We went out to the Edge yesterday and hooked this monster on 50# test, Worked it for 11/2 hrs before getting up to know what we had ! Ended up releasing so we could kepp on fishing !! Ended up catching 3 Aj's and a few mingos, white snapper . Great day with some old friends .


----------



## sniperpeeps (Mar 5, 2011)

That's a biggun, what did you estimate the length/weight to be?


----------



## JoeyWelch (Sep 25, 2009)

Congrats Alan. I bet somebody was tired. That's a big ole shark.


----------



## amarcafina (Aug 24, 2008)

My boat is 12' wide beam and when it was positioned behind the stern guess to be 7-8 fter about 225 250lb's .

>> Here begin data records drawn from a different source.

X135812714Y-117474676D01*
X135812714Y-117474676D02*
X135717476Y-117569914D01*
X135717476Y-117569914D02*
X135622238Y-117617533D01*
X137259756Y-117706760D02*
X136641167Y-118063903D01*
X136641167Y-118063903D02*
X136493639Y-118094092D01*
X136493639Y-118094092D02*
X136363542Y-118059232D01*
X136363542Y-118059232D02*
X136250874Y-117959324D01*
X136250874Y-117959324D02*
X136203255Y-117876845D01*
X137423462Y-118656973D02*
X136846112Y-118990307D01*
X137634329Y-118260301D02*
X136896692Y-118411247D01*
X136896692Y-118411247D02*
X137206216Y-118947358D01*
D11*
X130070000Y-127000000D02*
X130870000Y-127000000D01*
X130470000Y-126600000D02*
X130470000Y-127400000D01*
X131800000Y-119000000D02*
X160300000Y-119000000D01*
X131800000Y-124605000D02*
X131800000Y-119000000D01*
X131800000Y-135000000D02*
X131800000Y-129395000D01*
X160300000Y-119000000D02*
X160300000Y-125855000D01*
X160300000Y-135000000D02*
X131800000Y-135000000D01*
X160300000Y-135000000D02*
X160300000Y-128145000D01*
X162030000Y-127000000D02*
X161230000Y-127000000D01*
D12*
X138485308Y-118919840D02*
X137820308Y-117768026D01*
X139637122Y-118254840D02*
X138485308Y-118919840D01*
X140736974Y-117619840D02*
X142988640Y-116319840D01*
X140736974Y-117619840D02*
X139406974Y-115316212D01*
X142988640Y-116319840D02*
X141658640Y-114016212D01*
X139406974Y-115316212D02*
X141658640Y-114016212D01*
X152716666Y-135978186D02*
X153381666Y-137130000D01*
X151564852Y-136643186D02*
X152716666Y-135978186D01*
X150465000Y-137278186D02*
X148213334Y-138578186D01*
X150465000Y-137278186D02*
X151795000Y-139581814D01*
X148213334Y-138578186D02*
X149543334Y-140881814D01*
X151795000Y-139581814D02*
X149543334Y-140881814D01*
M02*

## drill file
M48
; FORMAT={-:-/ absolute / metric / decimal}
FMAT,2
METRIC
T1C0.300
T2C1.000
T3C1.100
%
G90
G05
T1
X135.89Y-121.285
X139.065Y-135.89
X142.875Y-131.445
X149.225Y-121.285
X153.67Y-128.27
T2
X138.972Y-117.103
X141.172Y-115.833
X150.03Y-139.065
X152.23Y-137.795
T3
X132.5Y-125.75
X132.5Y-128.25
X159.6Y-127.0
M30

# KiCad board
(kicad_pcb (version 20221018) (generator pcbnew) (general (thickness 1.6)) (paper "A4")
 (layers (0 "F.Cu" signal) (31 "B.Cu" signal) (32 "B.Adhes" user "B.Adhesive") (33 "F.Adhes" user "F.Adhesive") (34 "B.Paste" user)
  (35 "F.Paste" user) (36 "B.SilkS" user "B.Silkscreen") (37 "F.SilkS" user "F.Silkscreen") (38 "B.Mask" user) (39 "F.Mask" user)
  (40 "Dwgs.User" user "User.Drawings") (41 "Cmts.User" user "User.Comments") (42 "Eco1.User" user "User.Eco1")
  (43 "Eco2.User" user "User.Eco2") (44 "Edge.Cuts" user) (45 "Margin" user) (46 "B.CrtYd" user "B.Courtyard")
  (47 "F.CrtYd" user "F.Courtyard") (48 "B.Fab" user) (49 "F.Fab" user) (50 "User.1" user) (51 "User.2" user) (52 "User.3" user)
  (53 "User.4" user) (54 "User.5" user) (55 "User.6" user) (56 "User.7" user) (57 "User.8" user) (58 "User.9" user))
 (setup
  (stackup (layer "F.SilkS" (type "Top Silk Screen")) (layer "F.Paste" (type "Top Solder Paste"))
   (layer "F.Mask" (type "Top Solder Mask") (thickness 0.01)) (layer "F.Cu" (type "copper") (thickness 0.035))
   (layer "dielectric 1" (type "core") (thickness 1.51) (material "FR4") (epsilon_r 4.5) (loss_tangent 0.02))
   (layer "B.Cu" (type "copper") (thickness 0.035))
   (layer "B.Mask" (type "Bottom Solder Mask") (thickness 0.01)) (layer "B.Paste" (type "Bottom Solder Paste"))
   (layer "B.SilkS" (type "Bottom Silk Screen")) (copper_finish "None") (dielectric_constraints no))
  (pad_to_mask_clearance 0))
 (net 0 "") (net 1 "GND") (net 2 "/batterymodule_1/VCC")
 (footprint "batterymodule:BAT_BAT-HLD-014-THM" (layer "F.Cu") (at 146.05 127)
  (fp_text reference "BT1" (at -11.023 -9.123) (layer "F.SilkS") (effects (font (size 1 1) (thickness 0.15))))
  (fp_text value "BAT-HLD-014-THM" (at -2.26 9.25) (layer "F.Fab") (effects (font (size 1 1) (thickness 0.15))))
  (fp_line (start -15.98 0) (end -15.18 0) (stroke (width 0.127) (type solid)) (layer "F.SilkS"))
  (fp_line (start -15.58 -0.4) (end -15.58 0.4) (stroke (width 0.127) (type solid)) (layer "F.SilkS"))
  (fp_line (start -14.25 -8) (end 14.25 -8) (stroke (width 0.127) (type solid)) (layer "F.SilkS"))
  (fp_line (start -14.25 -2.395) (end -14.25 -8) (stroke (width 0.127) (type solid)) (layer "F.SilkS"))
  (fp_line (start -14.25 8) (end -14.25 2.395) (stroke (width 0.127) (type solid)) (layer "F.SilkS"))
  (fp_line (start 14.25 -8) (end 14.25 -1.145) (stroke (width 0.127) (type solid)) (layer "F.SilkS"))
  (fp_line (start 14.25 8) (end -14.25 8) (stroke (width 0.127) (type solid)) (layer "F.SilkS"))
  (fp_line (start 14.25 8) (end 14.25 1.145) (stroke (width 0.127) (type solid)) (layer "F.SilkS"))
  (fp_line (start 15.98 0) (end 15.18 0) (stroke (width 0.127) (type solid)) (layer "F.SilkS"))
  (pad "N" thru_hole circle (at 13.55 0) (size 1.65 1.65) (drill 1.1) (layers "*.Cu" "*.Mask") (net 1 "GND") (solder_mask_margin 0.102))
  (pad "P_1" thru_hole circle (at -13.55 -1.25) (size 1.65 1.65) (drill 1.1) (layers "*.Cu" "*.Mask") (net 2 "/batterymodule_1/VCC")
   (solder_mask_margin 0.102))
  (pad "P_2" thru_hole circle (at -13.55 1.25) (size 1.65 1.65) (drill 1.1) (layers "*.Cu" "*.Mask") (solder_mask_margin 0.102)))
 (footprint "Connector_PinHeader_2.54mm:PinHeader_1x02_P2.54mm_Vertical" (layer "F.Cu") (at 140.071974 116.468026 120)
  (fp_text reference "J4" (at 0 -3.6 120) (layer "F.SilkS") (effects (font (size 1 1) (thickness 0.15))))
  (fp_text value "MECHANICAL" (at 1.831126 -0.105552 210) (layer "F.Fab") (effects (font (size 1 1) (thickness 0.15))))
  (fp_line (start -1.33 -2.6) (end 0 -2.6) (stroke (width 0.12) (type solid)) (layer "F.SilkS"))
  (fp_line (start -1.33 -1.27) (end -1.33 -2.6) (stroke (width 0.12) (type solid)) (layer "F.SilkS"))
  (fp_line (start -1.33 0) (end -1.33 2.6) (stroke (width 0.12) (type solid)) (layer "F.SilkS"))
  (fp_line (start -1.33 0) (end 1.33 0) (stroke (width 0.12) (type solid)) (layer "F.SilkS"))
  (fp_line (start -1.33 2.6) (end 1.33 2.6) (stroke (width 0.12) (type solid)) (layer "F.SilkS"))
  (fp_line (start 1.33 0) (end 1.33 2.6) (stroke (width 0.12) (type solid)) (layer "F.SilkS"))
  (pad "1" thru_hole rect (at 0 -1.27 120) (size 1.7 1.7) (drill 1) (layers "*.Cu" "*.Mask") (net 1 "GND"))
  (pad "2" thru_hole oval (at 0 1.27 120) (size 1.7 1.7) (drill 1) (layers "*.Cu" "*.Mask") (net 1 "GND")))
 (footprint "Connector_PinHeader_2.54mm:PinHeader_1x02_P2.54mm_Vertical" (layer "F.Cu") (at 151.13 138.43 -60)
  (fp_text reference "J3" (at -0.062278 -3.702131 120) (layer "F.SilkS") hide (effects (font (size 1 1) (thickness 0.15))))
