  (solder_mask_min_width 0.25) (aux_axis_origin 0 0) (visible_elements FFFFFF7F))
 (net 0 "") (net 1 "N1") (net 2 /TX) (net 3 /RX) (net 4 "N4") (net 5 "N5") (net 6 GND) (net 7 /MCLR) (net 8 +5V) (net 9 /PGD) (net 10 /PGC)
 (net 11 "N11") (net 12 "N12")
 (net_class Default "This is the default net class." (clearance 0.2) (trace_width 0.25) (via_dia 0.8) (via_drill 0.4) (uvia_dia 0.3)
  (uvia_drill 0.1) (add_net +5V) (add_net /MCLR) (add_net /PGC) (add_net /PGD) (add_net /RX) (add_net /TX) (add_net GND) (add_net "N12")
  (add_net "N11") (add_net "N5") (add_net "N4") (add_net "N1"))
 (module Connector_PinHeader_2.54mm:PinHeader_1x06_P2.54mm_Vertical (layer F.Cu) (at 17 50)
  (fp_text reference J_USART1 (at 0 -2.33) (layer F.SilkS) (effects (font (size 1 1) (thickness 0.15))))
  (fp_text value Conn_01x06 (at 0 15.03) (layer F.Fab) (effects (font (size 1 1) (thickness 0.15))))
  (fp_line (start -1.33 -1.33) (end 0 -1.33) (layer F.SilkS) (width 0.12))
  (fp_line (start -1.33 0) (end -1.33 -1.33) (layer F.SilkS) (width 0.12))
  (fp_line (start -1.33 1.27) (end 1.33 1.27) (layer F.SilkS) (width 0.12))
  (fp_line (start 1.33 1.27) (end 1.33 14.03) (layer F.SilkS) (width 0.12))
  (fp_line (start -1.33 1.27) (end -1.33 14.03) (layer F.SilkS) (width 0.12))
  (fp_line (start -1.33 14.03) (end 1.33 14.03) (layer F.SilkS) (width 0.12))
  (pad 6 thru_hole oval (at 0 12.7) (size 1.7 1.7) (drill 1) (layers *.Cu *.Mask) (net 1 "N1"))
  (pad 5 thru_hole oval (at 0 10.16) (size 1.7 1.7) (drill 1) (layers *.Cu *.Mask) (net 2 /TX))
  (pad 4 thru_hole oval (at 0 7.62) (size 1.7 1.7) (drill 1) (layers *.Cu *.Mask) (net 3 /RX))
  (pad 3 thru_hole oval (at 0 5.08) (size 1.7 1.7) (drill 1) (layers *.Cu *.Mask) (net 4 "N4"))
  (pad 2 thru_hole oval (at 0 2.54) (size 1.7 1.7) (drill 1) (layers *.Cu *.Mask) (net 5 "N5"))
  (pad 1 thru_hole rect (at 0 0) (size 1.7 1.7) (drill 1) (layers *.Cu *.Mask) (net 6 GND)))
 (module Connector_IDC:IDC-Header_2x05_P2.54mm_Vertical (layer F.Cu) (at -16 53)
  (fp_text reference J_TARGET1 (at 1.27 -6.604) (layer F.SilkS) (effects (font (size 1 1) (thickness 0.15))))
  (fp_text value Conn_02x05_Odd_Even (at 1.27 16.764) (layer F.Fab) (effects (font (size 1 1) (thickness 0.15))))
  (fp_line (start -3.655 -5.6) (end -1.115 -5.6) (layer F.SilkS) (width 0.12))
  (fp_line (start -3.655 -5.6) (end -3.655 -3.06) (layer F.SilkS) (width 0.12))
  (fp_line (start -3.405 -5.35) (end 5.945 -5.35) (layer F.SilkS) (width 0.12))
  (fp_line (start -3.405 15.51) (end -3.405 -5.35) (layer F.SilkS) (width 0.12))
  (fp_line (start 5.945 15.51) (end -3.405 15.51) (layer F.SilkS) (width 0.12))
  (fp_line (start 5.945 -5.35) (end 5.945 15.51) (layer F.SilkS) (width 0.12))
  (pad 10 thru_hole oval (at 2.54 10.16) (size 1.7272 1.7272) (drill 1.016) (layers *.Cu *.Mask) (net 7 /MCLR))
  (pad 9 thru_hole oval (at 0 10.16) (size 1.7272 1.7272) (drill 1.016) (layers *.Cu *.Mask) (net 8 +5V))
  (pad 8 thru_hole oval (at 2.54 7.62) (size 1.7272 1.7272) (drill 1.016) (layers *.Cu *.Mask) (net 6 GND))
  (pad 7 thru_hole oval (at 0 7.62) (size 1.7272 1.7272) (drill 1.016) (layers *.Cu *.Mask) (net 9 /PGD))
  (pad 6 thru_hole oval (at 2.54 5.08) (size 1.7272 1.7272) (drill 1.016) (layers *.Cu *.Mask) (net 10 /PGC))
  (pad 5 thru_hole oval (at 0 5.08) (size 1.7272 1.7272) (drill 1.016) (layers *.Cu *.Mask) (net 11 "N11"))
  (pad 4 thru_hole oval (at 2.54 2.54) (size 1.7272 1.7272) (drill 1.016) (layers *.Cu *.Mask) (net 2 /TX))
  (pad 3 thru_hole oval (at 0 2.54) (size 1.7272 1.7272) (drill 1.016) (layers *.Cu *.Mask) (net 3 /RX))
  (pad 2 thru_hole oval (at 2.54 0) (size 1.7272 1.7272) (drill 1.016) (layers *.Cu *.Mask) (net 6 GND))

Oh Joey, this was a great test for that Dyneema braid we use from Ebay !! 50# test worked it in 125 foot of water and that stuff didn't pop like Prower Pro. !


----------



## bigrick (Sep 29, 2010)

Been catching nurse sharks almost every trip. They are fun


----------



## JoeyWelch (Sep 25, 2009)

I don't have any complaints with it either Alan. It's good stuff.


----------



## DAWGONIT (Jan 16, 2009)

Thanks for pics & report.


----------



## Todd (May 16, 2010)

Good to hear. I have contemplated buying that Chinese stuff myself but was concerned about the time I get a big un and have no faith in the line.


----------



## Lyin Too (Aug 31, 2009)

Aint those nurse sharks good to eat?


----------



## grey ghost (Jul 24, 2011)

Great pic Alan, water looked nice, glad yall got some meat!! I mite have to get some of that braid you talking bout on a few reels!


----------